Mike, you are doing great. It feels daunting at first, but the feel and your own style show up with hands-on time. You are not going to ruin anything and by working through it step by step, and maybe having to do a step or two over again, you'll learn a ton, have a better understanding of why it acts the way it does when you're driving around. Most folks never try this at home, so respect for jumping in.
I want to lay out the approach I am using. I picked it up from Leech Motorsports and it lines up with what you are doing. If you see anything that conflicts with what you are learning, I'd love the feedback. I'm definitely still a padawan regurgitating from the masters and having only had my hands on 3 cars.
The big win on Black Jack has been a working IAC with the stock computer. Grover did/does not have one since I got it. Father Time lost the BS3's IAC channel when I added driveshaft speed to gain slew rate control. On those two cars I stabilized idle with a higher RPM & timing only. We can get into that if it becomes relevant. For now, using the IAC to get a steady idle just works better. The stock computer can also preemptively bump airflow when the A/C turns on to keep things steady and handle similar loads.
The best idle comes from getting the base RPM & IAC DC right. Set the base, with IAC unplugged, fixed timing, & in open loop and at full temperature, so the engine barely idles, then plug the IAC in and look for about 100 to 150 rpm more with an IAC CD of 20-35%. That gives the IAC room to add air and also to pull a bit if it overshoots. I needs authority both ways. On mine I ended up near 30 percent and that sits in the window.

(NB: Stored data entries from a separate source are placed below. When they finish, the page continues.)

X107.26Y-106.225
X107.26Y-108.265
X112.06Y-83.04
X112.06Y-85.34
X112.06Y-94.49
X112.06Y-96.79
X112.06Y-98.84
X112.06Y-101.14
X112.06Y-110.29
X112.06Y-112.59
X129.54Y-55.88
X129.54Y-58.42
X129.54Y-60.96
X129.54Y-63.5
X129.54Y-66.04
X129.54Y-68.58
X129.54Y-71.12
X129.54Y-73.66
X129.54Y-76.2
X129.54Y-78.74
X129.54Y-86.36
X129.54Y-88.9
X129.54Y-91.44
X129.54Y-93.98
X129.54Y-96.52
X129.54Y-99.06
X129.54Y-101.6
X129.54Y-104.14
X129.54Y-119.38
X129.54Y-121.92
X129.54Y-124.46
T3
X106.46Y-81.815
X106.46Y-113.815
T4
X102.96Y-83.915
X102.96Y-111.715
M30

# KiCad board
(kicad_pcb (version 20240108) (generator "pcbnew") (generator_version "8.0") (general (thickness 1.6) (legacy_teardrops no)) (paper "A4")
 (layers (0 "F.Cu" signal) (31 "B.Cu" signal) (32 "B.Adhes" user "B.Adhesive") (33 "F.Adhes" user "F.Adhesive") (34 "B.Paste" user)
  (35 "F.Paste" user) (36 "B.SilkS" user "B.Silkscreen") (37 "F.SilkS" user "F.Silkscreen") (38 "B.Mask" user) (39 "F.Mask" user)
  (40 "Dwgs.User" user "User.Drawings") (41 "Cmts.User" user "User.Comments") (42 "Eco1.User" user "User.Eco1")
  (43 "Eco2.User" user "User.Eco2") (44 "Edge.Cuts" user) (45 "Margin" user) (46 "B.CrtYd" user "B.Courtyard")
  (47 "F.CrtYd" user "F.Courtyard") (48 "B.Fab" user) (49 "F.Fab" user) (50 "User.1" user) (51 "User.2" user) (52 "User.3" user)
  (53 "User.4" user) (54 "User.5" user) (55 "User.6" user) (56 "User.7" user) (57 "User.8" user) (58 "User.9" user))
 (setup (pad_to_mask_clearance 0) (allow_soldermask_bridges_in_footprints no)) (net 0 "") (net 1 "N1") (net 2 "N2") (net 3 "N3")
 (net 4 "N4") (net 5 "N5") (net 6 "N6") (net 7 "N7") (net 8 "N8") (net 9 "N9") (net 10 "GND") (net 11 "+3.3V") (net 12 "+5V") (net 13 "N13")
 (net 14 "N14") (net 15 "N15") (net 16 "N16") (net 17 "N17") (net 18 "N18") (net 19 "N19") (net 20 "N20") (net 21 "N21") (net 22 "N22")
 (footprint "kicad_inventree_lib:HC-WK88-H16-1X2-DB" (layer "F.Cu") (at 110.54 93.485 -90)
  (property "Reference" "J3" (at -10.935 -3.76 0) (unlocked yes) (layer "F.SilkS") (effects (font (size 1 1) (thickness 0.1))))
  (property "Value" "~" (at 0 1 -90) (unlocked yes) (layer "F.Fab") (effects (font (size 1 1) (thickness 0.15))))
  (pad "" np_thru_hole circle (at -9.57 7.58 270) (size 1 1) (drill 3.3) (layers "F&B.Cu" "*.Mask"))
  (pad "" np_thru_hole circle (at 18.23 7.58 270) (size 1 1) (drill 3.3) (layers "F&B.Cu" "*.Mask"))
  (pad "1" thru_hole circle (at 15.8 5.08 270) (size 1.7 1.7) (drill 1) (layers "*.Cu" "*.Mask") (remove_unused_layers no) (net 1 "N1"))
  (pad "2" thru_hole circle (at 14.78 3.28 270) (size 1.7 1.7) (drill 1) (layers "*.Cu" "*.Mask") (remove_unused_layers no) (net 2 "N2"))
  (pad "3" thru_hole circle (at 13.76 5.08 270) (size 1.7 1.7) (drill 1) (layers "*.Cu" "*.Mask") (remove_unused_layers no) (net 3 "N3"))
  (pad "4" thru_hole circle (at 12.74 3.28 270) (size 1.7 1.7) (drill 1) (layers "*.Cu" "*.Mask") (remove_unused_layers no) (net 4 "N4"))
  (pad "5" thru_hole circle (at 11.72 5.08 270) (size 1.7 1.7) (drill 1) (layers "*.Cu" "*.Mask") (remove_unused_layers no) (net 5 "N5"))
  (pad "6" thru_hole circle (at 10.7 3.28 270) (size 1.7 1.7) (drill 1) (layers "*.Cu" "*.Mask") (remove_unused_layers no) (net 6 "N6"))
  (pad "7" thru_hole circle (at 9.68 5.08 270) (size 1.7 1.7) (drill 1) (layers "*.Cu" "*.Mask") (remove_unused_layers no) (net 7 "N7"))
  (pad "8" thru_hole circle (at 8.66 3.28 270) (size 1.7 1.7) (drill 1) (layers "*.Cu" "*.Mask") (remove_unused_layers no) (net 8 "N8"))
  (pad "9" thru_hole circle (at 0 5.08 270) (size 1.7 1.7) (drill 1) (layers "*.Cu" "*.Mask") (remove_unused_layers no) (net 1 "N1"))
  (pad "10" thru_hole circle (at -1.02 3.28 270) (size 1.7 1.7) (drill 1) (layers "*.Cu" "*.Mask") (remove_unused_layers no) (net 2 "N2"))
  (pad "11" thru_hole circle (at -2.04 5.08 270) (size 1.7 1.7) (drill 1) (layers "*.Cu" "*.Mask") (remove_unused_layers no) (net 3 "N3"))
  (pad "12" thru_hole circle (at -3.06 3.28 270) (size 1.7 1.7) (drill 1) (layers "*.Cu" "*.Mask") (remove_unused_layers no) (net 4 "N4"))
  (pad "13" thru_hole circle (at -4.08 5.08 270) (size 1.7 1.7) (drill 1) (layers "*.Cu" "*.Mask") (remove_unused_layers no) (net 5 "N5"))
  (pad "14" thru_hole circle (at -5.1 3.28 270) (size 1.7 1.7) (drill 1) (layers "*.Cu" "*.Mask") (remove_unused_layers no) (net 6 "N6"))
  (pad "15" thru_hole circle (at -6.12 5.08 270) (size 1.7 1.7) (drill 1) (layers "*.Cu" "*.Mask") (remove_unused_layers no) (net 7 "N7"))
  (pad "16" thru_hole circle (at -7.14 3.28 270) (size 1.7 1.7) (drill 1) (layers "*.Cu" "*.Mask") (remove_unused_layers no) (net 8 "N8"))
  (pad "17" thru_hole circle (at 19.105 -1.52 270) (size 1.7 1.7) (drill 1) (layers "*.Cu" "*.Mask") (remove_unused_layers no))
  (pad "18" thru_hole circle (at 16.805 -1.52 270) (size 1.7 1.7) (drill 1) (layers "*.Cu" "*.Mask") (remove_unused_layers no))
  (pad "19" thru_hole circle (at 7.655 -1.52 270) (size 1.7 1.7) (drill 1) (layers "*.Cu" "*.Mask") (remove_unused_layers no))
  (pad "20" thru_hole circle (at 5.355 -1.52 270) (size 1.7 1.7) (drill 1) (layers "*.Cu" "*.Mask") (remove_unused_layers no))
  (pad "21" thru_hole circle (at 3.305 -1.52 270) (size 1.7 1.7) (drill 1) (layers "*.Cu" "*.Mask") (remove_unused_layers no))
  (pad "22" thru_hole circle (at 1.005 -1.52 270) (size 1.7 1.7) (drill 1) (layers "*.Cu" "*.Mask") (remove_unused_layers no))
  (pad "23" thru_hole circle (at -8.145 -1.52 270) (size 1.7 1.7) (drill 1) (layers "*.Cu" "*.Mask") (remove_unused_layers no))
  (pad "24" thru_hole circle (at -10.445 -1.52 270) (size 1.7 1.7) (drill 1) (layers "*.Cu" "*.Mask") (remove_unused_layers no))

My steps. I lock timing at about 20 degrees using the computer instead of pulling the SPOUT. I unplug the IAC. I let the engine warm up fully and make sure it is in open loop. I set the throttle stop so the blade is almost closed and the engine will just barely run. Stumbling & stuttering is fine, so long as the engine doesn't surge or die. I note that rpm, then set the ECU target about 100 to 150 rpm higher. I plug the IAC back in hot and check that duty falls in the 20 to 35 percent range. There's some MAF settings & airflow expectations in the stock computer that I don't think are relevant to your MS.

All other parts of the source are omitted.